= Dominique Langevin =

French physicist (born 1947)

Dominique Langevin (/fr/; born 24 July 1947) is a French researcher in physical chemistry. She is research director at the Centre national de la recherche scientifique and leads the liquid interface group in the Laboratory of Solid State Physics at the University of Paris-Sud. She was the Life and Physical Sciences Panel chair for the European Space Sciences Committee of the European Science Foundation from 2013-2021.
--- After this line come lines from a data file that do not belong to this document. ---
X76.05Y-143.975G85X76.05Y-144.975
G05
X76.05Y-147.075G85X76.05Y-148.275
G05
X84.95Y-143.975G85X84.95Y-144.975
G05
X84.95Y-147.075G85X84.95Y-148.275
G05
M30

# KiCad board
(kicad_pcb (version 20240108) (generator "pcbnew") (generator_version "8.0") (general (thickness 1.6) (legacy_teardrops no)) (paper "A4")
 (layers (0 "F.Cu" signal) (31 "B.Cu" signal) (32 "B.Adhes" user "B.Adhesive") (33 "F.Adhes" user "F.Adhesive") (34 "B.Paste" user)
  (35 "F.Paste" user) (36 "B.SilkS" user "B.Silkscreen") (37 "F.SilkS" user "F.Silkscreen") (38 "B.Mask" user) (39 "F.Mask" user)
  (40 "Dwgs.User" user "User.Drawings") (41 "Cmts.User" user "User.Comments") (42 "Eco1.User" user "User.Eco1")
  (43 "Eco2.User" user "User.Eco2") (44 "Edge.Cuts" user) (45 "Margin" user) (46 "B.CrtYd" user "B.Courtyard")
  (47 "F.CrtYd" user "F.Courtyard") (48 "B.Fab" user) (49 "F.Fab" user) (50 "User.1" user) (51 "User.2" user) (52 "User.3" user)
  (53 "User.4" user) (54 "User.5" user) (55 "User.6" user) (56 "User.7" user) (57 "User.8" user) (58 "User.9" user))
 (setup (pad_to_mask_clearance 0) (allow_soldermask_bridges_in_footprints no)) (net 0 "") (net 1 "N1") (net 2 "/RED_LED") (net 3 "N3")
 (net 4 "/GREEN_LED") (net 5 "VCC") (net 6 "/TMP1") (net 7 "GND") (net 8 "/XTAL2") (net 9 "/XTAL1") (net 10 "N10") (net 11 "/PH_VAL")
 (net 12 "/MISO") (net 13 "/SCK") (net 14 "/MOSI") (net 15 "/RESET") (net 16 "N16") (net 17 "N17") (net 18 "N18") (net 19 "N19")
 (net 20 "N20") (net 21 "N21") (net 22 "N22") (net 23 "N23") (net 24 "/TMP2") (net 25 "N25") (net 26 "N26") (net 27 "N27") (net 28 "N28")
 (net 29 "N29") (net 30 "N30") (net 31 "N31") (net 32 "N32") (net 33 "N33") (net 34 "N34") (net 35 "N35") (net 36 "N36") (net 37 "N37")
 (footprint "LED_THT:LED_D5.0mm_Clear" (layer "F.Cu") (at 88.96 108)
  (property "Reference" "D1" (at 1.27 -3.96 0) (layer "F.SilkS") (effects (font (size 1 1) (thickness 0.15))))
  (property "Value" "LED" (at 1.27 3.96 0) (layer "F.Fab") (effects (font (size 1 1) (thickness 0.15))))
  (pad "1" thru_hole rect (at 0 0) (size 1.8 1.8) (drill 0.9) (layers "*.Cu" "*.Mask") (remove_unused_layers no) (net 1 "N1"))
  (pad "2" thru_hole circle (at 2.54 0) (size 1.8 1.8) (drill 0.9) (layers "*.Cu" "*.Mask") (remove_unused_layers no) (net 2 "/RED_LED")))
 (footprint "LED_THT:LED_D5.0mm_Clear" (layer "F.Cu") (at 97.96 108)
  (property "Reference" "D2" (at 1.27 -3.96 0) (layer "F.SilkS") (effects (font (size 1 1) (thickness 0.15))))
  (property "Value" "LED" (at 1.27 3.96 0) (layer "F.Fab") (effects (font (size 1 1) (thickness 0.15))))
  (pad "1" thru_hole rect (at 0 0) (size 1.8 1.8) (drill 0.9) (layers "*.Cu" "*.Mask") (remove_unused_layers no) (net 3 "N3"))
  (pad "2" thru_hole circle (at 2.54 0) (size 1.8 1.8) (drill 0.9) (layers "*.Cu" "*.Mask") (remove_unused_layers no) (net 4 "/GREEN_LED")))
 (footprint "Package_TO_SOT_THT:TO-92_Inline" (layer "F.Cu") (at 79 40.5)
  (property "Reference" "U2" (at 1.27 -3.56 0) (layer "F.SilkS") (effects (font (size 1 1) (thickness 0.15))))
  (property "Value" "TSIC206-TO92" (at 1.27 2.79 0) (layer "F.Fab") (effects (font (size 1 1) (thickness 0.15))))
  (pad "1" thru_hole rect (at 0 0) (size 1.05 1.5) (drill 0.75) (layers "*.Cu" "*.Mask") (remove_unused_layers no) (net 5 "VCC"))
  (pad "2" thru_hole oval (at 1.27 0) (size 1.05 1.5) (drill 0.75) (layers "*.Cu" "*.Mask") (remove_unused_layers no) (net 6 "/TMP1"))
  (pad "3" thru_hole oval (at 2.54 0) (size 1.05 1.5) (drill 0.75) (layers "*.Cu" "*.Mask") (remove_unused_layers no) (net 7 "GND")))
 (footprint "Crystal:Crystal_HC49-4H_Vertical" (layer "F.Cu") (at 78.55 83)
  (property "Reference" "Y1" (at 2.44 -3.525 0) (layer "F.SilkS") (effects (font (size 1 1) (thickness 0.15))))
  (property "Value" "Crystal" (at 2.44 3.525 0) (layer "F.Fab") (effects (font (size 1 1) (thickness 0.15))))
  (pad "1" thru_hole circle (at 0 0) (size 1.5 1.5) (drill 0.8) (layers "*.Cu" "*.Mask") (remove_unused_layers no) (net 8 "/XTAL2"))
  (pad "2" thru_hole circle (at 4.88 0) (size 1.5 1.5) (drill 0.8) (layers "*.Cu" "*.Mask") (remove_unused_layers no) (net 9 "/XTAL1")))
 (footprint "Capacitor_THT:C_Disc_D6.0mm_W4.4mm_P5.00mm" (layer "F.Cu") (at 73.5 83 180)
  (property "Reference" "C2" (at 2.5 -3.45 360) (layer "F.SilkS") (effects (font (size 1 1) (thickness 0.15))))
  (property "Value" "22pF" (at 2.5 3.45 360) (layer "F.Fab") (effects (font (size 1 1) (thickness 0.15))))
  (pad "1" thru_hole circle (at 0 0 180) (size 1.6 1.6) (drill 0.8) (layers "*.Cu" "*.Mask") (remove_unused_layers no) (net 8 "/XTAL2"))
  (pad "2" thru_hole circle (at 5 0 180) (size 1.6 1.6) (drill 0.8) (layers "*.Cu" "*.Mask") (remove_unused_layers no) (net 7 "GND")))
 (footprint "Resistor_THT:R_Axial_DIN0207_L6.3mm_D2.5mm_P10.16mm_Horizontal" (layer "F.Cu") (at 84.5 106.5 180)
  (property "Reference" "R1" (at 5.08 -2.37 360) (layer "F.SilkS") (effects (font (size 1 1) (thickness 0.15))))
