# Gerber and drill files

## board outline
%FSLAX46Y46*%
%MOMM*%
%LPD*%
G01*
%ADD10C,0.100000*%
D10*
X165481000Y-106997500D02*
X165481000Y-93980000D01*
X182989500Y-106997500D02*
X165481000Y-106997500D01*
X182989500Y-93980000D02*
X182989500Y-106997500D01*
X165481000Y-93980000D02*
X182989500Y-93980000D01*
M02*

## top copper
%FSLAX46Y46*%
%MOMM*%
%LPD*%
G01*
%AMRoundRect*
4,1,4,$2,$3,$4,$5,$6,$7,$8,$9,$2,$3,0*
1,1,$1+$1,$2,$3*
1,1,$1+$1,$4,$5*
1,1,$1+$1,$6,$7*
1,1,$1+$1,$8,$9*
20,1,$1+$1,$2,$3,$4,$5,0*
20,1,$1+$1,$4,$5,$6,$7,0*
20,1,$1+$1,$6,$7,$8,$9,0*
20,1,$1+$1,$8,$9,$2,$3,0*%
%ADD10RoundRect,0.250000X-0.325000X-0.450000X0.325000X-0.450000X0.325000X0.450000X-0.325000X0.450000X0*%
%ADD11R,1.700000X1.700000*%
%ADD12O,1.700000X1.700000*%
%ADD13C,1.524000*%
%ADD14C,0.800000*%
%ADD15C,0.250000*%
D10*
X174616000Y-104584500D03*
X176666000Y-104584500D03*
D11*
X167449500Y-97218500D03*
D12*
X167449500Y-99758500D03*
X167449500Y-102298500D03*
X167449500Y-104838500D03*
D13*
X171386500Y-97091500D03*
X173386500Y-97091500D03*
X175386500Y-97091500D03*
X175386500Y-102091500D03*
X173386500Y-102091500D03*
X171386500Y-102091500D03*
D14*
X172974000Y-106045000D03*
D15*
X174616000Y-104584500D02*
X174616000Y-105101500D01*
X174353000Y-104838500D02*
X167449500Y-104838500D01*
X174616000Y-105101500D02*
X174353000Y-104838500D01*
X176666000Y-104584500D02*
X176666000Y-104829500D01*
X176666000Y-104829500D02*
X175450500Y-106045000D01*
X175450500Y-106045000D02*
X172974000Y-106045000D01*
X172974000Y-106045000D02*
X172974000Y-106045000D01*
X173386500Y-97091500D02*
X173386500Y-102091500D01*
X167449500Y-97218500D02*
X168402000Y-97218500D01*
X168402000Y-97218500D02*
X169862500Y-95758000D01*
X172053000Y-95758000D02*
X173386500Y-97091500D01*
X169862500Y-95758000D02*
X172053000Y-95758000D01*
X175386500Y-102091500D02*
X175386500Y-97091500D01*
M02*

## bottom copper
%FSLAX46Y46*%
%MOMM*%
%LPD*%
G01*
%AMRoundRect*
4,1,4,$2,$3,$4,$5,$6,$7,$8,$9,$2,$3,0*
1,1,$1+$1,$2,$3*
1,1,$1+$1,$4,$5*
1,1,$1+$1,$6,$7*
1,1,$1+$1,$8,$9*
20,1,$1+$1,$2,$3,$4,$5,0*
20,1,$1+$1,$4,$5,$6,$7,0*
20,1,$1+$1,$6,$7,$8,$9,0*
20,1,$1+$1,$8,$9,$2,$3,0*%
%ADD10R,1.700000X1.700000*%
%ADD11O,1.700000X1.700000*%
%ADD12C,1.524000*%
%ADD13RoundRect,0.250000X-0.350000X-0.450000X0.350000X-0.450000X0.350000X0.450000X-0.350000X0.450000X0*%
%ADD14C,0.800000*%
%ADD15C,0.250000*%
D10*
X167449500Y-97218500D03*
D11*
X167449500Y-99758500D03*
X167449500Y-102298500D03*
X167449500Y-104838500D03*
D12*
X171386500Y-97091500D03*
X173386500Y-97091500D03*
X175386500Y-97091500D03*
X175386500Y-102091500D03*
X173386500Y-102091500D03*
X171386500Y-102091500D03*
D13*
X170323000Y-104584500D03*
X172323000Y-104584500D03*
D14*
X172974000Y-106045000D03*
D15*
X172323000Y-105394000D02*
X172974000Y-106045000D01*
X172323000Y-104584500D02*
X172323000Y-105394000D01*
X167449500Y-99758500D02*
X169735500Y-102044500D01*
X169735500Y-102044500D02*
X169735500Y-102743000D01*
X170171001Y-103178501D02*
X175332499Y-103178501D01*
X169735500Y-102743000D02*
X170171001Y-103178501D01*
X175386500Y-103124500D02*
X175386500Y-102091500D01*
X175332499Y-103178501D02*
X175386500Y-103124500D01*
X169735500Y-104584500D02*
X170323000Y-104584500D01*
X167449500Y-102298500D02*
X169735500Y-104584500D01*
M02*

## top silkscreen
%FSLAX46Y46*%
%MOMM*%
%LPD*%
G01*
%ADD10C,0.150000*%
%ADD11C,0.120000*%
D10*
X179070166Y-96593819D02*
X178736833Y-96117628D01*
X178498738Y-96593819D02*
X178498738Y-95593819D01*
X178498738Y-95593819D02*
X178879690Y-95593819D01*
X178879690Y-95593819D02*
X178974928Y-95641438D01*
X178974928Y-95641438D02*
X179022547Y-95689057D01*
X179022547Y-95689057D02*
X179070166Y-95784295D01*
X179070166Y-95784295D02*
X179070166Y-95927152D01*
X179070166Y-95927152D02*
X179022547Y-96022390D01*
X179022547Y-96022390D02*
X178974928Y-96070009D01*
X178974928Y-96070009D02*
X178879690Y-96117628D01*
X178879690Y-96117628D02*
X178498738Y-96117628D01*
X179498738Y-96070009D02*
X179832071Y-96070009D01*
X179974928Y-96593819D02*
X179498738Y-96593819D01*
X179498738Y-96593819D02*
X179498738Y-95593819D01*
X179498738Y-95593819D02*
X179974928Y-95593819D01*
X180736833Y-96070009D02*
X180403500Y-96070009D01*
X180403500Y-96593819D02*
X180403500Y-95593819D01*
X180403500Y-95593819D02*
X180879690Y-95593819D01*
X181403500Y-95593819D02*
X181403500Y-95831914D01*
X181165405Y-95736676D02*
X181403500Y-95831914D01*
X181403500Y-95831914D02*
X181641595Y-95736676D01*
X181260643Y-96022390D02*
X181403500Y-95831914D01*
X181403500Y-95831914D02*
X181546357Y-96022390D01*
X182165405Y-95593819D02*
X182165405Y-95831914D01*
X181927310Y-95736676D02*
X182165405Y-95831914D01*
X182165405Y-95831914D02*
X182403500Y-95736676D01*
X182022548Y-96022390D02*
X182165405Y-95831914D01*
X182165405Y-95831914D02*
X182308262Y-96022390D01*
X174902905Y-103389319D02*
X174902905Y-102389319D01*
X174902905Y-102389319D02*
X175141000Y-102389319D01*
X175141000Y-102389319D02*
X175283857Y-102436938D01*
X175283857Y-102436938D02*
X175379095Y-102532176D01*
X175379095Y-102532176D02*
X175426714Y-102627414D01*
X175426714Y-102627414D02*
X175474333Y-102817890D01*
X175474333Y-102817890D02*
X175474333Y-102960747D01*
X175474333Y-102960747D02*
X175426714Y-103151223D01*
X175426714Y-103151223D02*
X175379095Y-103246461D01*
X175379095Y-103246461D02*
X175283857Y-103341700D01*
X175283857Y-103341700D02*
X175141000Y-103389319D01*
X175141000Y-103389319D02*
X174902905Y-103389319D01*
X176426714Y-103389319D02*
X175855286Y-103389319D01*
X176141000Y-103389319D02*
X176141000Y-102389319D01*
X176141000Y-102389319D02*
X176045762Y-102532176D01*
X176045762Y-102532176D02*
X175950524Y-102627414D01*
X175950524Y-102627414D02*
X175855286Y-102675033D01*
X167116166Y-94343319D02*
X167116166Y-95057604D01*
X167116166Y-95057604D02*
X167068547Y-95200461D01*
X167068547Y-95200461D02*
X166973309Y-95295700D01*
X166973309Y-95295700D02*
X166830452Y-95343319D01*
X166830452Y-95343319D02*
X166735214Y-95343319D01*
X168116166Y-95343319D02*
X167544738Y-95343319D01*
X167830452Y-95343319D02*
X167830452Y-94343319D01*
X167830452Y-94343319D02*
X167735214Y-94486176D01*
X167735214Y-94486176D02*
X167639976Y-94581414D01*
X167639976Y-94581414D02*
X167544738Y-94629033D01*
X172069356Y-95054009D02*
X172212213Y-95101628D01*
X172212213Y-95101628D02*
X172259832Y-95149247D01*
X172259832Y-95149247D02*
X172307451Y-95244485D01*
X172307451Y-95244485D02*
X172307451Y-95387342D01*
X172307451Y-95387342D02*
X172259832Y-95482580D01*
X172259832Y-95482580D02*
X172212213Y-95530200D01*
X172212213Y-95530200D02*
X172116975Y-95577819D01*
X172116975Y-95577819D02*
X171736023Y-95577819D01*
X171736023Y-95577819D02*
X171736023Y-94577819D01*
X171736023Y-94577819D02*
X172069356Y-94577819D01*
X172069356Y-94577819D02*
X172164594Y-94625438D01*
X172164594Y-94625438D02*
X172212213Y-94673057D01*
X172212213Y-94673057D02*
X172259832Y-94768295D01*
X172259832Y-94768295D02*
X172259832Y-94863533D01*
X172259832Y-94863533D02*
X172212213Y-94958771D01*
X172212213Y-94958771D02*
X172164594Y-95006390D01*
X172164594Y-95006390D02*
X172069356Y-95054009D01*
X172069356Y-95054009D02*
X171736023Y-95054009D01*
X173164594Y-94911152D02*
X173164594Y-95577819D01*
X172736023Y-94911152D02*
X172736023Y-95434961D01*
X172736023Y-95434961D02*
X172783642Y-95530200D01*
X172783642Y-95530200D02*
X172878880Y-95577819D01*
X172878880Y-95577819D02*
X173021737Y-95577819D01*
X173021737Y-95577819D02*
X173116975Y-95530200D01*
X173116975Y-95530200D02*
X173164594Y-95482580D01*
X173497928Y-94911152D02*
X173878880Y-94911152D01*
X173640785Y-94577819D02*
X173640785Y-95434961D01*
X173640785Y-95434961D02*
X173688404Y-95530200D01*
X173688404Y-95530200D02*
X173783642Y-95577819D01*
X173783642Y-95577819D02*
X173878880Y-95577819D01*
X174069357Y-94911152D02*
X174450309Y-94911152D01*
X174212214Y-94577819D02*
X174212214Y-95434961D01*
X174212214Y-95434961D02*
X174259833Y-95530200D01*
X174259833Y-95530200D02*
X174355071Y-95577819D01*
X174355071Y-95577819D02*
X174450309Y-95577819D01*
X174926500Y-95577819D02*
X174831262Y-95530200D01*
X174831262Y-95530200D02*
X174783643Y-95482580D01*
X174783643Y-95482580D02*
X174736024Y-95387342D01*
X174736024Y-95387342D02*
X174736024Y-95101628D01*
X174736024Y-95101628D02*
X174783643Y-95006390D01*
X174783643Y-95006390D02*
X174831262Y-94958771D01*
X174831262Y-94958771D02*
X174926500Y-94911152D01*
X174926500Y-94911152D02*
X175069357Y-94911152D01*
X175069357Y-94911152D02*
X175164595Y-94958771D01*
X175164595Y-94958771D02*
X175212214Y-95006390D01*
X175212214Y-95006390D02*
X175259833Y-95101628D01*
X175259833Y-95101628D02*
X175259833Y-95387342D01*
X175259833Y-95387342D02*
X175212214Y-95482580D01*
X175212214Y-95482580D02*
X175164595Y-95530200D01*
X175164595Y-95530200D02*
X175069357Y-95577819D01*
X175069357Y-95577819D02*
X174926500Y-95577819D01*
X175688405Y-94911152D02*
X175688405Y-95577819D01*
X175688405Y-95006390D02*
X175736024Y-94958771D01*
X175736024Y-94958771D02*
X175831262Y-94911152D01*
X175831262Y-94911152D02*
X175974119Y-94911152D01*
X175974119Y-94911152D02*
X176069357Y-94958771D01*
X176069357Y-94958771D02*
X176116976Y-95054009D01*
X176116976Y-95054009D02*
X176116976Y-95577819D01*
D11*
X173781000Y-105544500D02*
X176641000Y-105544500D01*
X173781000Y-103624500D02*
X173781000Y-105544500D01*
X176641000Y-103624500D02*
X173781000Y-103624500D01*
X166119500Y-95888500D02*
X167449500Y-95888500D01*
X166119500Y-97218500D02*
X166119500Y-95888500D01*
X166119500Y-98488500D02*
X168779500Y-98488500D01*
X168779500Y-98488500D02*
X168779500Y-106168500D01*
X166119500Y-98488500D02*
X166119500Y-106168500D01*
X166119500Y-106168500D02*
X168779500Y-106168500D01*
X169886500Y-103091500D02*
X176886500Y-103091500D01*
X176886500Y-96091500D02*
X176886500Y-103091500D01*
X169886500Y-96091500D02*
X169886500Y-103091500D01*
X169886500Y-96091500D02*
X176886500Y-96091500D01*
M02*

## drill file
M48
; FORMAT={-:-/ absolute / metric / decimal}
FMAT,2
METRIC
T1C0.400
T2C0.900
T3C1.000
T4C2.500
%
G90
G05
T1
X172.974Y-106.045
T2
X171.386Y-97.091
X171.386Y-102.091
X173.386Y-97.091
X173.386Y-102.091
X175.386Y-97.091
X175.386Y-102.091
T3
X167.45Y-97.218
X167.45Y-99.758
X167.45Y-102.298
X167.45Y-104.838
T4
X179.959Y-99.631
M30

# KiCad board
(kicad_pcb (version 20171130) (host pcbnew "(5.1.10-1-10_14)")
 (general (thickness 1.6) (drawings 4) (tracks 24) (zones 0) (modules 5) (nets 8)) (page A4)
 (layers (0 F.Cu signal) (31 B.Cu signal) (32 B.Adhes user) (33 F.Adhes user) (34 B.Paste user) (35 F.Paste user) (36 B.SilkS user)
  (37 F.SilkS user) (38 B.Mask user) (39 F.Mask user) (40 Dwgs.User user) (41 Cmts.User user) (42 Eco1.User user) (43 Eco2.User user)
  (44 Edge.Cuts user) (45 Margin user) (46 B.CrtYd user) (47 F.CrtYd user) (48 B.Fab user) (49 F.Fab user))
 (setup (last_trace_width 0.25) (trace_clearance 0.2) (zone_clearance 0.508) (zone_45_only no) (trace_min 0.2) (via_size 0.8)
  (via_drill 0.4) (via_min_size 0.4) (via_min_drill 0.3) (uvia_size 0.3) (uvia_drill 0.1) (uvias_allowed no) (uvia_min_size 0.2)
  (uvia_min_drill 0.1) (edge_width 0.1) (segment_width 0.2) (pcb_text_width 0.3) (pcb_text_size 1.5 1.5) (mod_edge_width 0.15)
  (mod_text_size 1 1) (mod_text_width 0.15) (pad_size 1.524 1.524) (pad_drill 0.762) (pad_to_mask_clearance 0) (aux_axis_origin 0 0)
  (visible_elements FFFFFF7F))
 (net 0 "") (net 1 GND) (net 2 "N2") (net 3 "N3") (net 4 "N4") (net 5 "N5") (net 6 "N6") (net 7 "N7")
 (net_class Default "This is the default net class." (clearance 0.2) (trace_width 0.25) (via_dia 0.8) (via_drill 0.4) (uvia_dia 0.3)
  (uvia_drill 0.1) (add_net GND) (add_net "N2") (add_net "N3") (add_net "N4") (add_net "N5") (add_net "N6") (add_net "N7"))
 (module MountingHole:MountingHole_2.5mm (layer F.Cu) (at 179.959 99.6315)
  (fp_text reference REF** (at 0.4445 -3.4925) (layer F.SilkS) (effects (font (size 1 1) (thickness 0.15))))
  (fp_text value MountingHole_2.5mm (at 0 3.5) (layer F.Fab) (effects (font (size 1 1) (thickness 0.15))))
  (pad 1 np_thru_hole circle (at 0 0) (size 2.5 2.5) (drill 2.5) (layers *.Cu *.Mask)))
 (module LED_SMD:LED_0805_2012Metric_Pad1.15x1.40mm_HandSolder (layer F.Cu) (at 175.641 104.5845)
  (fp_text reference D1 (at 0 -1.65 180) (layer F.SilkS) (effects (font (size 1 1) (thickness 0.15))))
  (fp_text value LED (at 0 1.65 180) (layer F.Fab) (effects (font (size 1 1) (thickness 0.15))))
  (fp_line (start -1.86 0.96) (end 1 0.96) (layer F.SilkS) (width 0.12))
  (fp_line (start -1.86 -0.96) (end -1.86 0.96) (layer F.SilkS) (width 0.12))
  (fp_line (start 1 -0.96) (end -1.86 -0.96) (layer F.SilkS) (width 0.12))
  (pad 1 smd roundrect (at -1.025 0) (size 1.15 1.4) (layers F.Cu F.Paste F.Mask) (roundrect_rratio 0.217391) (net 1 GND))
  (pad 2 smd roundrect (at 1.025 0) (size 1.15 1.4) (layers F.Cu F.Paste F.Mask) (roundrect_rratio 0.217391) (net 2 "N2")))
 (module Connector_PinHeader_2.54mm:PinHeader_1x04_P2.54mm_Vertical (layer F.Cu) (at 167.4495 97.2185)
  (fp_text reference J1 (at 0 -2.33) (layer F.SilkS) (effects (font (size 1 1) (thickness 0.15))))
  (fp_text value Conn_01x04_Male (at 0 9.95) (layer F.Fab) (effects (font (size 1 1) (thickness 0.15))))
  (fp_line (start -1.33 -1.33) (end 0 -1.33) (layer F.SilkS) (width 0.12))
  (fp_line (start -1.33 0) (end -1.33 -1.33) (layer F.SilkS) (width 0.12))
  (fp_line (start -1.33 1.27) (end 1.33 1.27) (layer F.SilkS) (width 0.12))
  (fp_line (start 1.33 1.27) (end 1.33 8.95) (layer F.SilkS) (width 0.12))
  (fp_line (start -1.33 1.27) (end -1.33 8.95) (layer F.SilkS) (width 0.12))
  (fp_line (start -1.33 8.95) (end 1.33 8.95) (layer F.SilkS) (width 0.12))
  (pad 1 thru_hole rect (at 0 0) (size 1.7 1.7) (drill 1) (layers *.Cu *.Mask) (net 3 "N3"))
  (pad 2 thru_hole oval (at 0 2.54) (size 1.7 1.7) (drill 1) (layers *.Cu *.Mask) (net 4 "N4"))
Langevin studies liquid interfaces and interfacial rheology, the flow of matter at interfaces between liquids, or between a liquid and a gas. She is particularly interested in foams and emulsions and has made significant contributions relating the mechanical properties of interfaces to the stability of foams and emulsions. She has had a major role in bringing together scientists and mathematicians from multiple disciplines to develop the field of foam and emulsion science. Her books include Light Scattering by Liquid Surfaces and Complementary Techniques (1992) and Emulsions, microemulsions and foams (2020).

==Early life==
The daughter of Maurice Cruchon and Jacqueline Maujean, she was born Dominique Anne-Marie Cruchon in Angoulême. In 1969, she married the mathematician Michel Langevin.

== Education==
She received a PhD from the women's École Normale Supérieure (ENS Sèvres) in Paris, and did a third-cycle thesis at the Laboratory of Hertzian Spectroscopy, supervised by Marie-Anne Bouchiat. Langevin conducted post-doctoral research at the Pierre Gilles de Gennes laboratory at the Collège de France.

==Career==
During the 1970s, Langevin established the surfactant group at the École Normale Supérieure. During the early 1990s, she established the "Films de tensioactifs flexibles" research group. From 1994 to 1998, Langevin was director of the Centre de Recherche Paul Pascal in Bordeaux. She was president of the European Colloid and Interface Society from 1992 to 1993.

==Research==
Her areas of research have included the experimental study of soft matter physics, including the surface of liquid crystals, mixtures of surfactants and polymers, the effects of nanoparticles on foams, foam drainage and soap film drainage, and the surface rheology of ultralow tension surfactant-oil-water systems.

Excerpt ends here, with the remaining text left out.